[Available records — start]

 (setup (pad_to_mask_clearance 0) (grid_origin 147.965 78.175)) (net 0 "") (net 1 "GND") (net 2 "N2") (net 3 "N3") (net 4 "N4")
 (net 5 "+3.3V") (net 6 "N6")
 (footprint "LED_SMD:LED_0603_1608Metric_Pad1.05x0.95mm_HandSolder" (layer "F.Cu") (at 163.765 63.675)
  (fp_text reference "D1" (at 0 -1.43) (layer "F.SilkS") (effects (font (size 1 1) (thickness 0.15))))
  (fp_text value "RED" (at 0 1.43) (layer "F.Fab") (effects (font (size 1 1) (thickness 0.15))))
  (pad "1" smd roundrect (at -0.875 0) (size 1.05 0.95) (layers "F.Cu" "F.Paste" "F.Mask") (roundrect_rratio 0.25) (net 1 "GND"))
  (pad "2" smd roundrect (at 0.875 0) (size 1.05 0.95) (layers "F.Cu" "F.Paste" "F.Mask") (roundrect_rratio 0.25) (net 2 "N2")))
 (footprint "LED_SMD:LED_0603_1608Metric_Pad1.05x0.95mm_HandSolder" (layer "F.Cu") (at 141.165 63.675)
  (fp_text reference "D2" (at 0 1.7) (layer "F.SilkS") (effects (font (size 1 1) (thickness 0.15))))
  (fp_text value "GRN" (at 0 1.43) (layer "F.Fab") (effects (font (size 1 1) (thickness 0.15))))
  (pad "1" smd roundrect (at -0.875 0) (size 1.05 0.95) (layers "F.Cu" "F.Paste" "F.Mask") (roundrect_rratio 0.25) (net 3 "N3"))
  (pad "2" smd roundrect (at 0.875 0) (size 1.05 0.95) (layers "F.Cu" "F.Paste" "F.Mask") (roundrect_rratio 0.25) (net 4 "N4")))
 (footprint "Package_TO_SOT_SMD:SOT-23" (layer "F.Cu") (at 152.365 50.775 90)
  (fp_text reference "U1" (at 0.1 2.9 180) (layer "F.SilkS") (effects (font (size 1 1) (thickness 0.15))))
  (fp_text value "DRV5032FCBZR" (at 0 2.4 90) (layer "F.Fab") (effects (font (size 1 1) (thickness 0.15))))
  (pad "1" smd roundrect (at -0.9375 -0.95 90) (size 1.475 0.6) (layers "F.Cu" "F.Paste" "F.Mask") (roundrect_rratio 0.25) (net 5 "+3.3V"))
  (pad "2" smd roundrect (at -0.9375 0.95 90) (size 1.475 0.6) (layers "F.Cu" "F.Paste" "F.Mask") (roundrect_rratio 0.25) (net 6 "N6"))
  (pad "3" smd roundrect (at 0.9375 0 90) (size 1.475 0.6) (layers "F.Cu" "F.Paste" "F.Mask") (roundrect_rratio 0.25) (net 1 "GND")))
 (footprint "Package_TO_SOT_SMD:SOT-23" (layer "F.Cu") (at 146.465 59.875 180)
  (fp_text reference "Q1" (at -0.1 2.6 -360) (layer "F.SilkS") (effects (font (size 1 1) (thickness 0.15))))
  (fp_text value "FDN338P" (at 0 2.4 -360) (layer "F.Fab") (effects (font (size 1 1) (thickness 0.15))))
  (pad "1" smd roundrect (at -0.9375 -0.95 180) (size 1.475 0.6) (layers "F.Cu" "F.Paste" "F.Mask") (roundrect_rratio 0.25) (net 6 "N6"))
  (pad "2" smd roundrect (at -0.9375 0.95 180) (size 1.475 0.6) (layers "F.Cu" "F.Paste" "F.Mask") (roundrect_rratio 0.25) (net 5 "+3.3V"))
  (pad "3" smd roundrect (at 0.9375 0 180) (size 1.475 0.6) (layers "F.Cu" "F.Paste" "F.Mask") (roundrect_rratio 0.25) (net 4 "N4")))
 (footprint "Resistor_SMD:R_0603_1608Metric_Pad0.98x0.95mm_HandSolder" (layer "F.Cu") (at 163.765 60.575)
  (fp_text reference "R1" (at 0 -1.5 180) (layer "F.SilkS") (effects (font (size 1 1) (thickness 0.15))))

[Available records — finish]
[Available records — start]

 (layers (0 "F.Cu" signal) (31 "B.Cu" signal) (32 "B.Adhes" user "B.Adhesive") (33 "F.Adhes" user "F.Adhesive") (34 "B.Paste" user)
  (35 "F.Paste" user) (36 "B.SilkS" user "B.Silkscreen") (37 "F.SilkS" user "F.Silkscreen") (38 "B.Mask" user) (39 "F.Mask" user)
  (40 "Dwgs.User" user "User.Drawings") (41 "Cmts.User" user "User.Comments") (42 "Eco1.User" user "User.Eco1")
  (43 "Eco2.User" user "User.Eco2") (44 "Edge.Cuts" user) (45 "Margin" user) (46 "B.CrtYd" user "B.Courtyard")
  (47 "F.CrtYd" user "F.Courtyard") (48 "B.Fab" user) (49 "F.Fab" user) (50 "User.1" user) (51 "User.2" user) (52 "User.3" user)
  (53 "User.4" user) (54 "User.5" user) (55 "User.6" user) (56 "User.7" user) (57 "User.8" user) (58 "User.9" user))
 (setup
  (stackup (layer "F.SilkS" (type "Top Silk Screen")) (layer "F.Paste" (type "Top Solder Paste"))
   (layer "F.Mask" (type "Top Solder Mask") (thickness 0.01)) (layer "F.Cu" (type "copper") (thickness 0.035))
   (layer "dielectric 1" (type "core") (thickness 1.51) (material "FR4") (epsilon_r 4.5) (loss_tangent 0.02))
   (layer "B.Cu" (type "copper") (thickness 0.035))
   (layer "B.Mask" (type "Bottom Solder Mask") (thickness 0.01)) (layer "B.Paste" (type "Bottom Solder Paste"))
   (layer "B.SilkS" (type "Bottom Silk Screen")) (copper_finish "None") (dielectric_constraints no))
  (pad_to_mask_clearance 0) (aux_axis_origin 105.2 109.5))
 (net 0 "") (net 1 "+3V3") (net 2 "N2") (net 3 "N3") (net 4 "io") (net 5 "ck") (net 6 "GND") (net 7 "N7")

[Available records — finish]

→ Work to complete:
Taking the entries above, write out exactly each line from the one holding "146.465 59.875 180)" to the one holding "0 -1.5 180)", both included, and stop there.

→ Answer to the exercise:
 (footprint "Package_TO_SOT_SMD:SOT-23" (layer "F.Cu") (at 146.465 59.875 180)
  (fp_text reference "Q1" (at -0.1 2.6 -360) (layer "F.SilkS") (effects (font (size 1 1) (thickness 0.15))))
  (fp_text value "FDN338P" (at 0 2.4 -360) (layer "F.Fab") (effects (font (size 1 1) (thickness 0.15))))
  (pad "1" smd roundrect (at -0.9375 -0.95 180) (size 1.475 0.6) (layers "F.Cu" "F.Paste" "F.Mask") (roundrect_rratio 0.25) (net 6 "N6"))
  (pad "2" smd roundrect (at -0.9375 0.95 180) (size 1.475 0.6) (layers "F.Cu" "F.Paste" "F.Mask") (roundrect_rratio 0.25) (net 5 "+3.3V"))
  (pad "3" smd roundrect (at 0.9375 0 180) (size 1.475 0.6) (layers "F.Cu" "F.Paste" "F.Mask") (roundrect_rratio 0.25) (net 4 "N4")))
 (footprint "Resistor_SMD:R_0603_1608Metric_Pad0.98x0.95mm_HandSolder" (layer "F.Cu") (at 163.765 60.575)
  (fp_text reference "R1" (at 0 -1.5 180) (layer "F.SilkS") (effects (font (size 1 1) (thickness 0.15))))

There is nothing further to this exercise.